Encouragement from those established and talented.
I’ve just been reading the sample chapter from Cory Doctorows Complete Idiots Guide to Publishing Science Fiction. One quote in particular jumped out at me:
“The formula for a successful career is very simple: first of all, write. Secondly, finish what you write. Lastly, send your writing to editors. The rest of it — critics, websites, conventions, all of that — it’s window dressing. In your careers, you will be spat on, ground underfoot, ignored, ripped off, hated, and plotted against. Ignore it. Write, finish and send, and you’ll be bringing home a rocketship of your own some day.”
This is about the same advice you get in any field you want to progress significantly in: essentially persistence and resolution.
Robert Anton Wilson put it similarly, (Quoting Robert Heinlein)
“Robert Heinlein has offered the only pragmatic rules for writers that make sense to me. The first is to finish what you start.

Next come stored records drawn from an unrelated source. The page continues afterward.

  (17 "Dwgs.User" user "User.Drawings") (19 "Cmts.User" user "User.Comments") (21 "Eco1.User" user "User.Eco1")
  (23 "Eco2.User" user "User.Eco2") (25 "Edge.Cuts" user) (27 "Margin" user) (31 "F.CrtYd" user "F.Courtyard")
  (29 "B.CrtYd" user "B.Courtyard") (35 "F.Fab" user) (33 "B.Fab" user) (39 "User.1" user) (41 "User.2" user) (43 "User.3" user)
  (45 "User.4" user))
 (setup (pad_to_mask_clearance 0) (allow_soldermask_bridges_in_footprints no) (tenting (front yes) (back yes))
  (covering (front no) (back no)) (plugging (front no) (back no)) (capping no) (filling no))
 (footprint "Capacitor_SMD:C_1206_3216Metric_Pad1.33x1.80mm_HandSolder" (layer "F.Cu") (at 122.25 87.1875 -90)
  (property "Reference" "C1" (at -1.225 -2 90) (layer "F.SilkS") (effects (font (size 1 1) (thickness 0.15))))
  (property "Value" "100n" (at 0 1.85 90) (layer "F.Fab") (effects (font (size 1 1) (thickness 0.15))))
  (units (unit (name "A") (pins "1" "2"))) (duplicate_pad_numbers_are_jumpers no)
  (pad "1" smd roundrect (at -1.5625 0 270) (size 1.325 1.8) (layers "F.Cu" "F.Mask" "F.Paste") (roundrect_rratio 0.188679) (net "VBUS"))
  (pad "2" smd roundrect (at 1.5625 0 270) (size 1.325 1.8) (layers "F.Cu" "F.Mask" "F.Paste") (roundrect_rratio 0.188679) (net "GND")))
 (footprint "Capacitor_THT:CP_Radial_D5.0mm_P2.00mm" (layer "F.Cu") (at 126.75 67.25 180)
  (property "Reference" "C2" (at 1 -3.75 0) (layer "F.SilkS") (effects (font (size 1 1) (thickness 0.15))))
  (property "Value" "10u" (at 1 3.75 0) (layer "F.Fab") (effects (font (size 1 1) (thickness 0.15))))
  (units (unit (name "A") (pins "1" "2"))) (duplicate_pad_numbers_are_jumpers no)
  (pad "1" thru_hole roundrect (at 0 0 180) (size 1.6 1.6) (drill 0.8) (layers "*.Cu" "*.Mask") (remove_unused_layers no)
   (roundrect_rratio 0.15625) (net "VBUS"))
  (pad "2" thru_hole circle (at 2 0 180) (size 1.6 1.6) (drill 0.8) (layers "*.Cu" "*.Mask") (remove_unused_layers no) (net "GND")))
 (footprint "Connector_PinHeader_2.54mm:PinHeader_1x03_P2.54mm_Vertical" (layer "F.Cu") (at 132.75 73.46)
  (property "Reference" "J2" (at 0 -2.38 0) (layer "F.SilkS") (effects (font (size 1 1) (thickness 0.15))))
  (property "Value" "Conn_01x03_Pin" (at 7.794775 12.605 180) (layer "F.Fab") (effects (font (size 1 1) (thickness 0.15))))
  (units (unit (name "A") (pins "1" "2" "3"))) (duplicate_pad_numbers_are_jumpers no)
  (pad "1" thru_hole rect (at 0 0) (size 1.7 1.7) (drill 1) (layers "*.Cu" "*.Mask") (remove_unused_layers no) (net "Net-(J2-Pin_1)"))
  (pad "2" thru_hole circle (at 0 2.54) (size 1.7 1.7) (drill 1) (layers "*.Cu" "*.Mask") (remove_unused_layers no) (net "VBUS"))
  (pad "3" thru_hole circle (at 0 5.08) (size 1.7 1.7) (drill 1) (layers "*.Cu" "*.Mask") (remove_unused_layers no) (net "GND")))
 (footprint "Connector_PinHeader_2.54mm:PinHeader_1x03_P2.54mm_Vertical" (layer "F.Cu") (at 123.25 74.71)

The second is to keep on sending each piece out until you sell it. If it has been rejected even 1 00 places, make a list of 100 more, and keep on mailing it to one after another, until you do sell it. If you enjoyed writing it, somebody somewhere is going to enjoy reading it and enjoy it enough to publish it. Since I learned this rule I have sold everything I have written, including even my Ph.D. dissertation, which is the hardest kind of thing to sell to a commercial publisher.”

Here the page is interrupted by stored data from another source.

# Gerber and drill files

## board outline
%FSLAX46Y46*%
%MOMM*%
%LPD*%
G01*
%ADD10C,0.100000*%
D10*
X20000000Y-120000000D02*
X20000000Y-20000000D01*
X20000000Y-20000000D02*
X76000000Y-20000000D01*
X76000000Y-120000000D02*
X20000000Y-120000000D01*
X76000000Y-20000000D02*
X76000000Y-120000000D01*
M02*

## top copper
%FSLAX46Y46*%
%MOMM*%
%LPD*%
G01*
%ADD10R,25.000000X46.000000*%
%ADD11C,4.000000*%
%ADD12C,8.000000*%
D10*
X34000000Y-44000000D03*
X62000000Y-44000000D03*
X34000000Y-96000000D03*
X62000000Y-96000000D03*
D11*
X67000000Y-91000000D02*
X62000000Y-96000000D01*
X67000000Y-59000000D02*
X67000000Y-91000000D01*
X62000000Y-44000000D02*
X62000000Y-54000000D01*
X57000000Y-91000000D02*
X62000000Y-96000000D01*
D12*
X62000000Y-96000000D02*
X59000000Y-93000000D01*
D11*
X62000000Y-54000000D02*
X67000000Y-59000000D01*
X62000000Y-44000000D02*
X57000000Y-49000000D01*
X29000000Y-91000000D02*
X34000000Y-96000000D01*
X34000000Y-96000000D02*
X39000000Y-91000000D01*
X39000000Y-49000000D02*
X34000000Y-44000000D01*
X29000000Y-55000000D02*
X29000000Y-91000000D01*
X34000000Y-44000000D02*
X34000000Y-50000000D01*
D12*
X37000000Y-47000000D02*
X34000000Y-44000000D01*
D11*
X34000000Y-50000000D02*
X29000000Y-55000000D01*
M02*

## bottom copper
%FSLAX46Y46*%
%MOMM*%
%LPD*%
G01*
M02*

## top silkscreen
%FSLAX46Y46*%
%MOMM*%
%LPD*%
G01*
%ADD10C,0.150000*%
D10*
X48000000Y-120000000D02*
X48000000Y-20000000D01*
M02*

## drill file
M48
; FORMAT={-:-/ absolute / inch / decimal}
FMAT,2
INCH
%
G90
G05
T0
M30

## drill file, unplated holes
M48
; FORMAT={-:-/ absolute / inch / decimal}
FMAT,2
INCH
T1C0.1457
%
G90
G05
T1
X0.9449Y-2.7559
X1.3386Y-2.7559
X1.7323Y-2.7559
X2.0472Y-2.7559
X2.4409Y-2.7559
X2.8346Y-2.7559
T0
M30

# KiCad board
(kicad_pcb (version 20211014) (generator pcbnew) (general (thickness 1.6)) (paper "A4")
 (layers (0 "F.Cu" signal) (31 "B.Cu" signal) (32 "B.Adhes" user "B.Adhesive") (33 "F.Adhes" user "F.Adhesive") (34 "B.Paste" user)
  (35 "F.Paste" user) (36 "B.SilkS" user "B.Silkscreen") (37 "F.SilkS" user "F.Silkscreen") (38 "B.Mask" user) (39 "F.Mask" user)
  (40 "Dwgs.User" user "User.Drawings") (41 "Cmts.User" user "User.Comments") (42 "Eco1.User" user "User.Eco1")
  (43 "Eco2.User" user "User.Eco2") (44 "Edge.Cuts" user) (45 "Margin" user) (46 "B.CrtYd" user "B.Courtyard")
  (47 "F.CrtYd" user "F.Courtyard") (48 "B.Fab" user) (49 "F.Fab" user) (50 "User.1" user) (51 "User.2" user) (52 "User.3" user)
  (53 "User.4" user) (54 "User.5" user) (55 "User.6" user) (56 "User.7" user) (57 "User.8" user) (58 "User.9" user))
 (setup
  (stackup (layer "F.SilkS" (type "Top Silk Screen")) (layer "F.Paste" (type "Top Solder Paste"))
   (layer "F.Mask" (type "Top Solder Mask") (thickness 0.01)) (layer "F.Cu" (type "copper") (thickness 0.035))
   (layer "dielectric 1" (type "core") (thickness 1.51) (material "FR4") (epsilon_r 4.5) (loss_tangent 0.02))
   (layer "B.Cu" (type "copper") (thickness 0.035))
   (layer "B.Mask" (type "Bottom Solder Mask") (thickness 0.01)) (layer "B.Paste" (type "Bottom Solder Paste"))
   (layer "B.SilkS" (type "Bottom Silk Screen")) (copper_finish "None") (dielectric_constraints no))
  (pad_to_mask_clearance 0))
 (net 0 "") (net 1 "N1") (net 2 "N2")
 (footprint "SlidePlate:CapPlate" (layer "F.Cu") (at 34 44)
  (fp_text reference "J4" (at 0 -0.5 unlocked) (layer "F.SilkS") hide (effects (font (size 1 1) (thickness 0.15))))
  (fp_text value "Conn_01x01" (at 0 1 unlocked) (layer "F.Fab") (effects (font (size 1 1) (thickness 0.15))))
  (pad "1" smd rect (at 0 0) (size 25 46) (layers "F.Cu") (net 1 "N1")))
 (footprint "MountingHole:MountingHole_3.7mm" (layer "F.Cu") (at 52 70)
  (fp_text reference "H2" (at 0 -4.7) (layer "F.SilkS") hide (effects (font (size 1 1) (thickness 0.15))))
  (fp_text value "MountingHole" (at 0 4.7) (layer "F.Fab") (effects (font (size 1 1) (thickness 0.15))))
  (pad "" np_thru_hole circle (at 0 0) (size 3.7 3.7) (drill 3.7) (layers *.Cu *.Mask)))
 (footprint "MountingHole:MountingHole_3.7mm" (layer "F.Cu") (at 24 70)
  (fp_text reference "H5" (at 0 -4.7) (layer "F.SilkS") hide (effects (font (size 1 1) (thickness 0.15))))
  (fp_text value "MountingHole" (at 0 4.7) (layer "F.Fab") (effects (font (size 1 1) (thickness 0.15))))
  (pad "" np_thru_hole circle (at 0 0) (size 3.7 3.7) (drill 3.7) (layers *.Cu *.Mask)))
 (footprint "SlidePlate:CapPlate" (layer "F.Cu") (at 62 44)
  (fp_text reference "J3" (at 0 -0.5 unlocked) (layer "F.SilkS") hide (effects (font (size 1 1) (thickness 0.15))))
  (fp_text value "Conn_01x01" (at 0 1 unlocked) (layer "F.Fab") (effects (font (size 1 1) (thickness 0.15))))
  (pad "1" smd rect (at 0 0) (size 25 46) (layers "F.Cu") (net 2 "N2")))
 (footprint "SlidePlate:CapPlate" (layer "F.Cu") (at 34 96)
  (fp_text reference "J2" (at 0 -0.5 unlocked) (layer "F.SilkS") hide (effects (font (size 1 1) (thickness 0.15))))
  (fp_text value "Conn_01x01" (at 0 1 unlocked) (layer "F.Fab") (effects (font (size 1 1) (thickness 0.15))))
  (pad "1" smd rect (at 0 0) (size 25 46) (layers "F.Cu") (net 1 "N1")))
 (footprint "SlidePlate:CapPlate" (layer "F.Cu") (at 62 96)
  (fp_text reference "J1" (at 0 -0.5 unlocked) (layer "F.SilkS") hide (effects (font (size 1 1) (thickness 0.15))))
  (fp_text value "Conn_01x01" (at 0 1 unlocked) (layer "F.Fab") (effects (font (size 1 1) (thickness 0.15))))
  (pad "1" smd rect (at 0 0) (size 25 46) (layers "F.Cu") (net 2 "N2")))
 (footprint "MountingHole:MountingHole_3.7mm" (layer "F.Cu") (at 72 70)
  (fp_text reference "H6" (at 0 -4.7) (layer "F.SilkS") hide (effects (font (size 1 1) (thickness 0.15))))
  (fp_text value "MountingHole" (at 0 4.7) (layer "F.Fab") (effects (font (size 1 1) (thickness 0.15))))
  (pad "" np_thru_hole circle (at 0 0) (size 3.7 3.7) (drill 3.7) (layers *.Cu *.Mask)))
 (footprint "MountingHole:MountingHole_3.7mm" (layer "F.Cu") (at 34 70)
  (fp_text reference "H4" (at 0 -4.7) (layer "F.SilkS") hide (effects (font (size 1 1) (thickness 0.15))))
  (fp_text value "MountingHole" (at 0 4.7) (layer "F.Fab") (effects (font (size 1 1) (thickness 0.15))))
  (pad "" np_thru_hole circle (at 0 0) (size 3.7 3.7) (drill 3.7) (layers *.Cu *.Mask)))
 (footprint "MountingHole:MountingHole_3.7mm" (layer "F.Cu") (at 44 70)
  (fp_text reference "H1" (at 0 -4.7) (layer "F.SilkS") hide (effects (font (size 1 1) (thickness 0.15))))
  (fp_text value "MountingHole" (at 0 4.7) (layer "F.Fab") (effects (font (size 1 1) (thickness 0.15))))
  (pad "" np_thru_hole circle (at 0 0) (size 3.7 3.7) (drill 3.7) (layers *.Cu *.Mask)))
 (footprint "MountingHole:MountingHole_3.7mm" (layer "F.Cu") (at 62 70)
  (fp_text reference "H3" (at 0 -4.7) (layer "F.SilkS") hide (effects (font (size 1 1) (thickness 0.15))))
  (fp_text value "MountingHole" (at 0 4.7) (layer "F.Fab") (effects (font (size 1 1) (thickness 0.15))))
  (pad "" np_thru_hole circle (at 0 0) (size 3.7 3.7) (drill 3.7) (layers *.Cu *.Mask)))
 (gr_line (start 48 120) (end 48 20) (layer "F.SilkS") (width 0.15))
 (gr_line (start 20 120) (end 20 20) (layer "Edge.Cuts") (width 0.1))
 (gr_line (start 20 20) (end 76 20) (layer "Edge.Cuts") (width 0.1))
 (gr_line (start 76 120) (end 20 120) (layer "Edge.Cuts") (width 0.1))
 (gr_line (start 76 20) (end 76 120) (layer "Edge.Cuts") (width 0.1))
 (segment (start 67 91) (end 62 96) (width 4) (layer "F.Cu") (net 2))
 (segment (start 67 59) (end 67 91) (width 4) (layer "F.Cu") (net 2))
 (segment (start 62 44) (end 62 54) (width 4) (layer "F.Cu") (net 2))
 (segment (start 57 91) (end 62 96) (width 4) (layer "F.Cu") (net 2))
 (segment (start 62 96) (end 59 93) (width 8) (layer "F.Cu") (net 2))
 (segment (start 62 54) (end 67 59) (width 4) (layer "F.Cu") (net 2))
 (segment (start 62 44) (end 57 49) (width 4) (layer "F.Cu") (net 2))
 (segment (start 29 91) (end 34 96) (width 4) (layer "F.Cu") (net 1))
 (segment (start 34 96) (end 39 91) (width 4) (layer "F.Cu") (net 1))
 (segment (start 39 49) (end 34 44) (width 4) (layer "F.Cu") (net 1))
 (segment (start 29 55) (end 29 91) (width 4) (layer "F.Cu") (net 1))
 (segment (start 34 44) (end 34 50) (width 4) (layer "F.Cu") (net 1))
 (segment (start 37 47) (end 34 44) (width 8) (layer "F.Cu") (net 1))
 (segment (start 34 50) (end 29 55) (width 4) (layer "F.Cu") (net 1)))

- Robert Anton Wilson, Making it as a Writer
And of course, Terry Pratchett:
“Write. For more than three years I wrote more than 400 words every day. I mean, every calendar day. If for some reason, in those pre-portable days, I couldn’t get to a keyboard, I wrote hard the previous night and caught up the following day, and if it ever seemed that it was easy to do the average I upped the average. I also did a hell of a lot of editing afterwards but the point was there was something there to edit. I had a more than full-time job as well. I hate to say this, but most of the successful (well, okay… rich) authors I know seem to put ‘application’ around the top of the list of How-to-do-its. Tough but true.”
“Application? Well, it means… application. The single-minded ability to knuckle down and get on with it, as they say in Unseen University library.”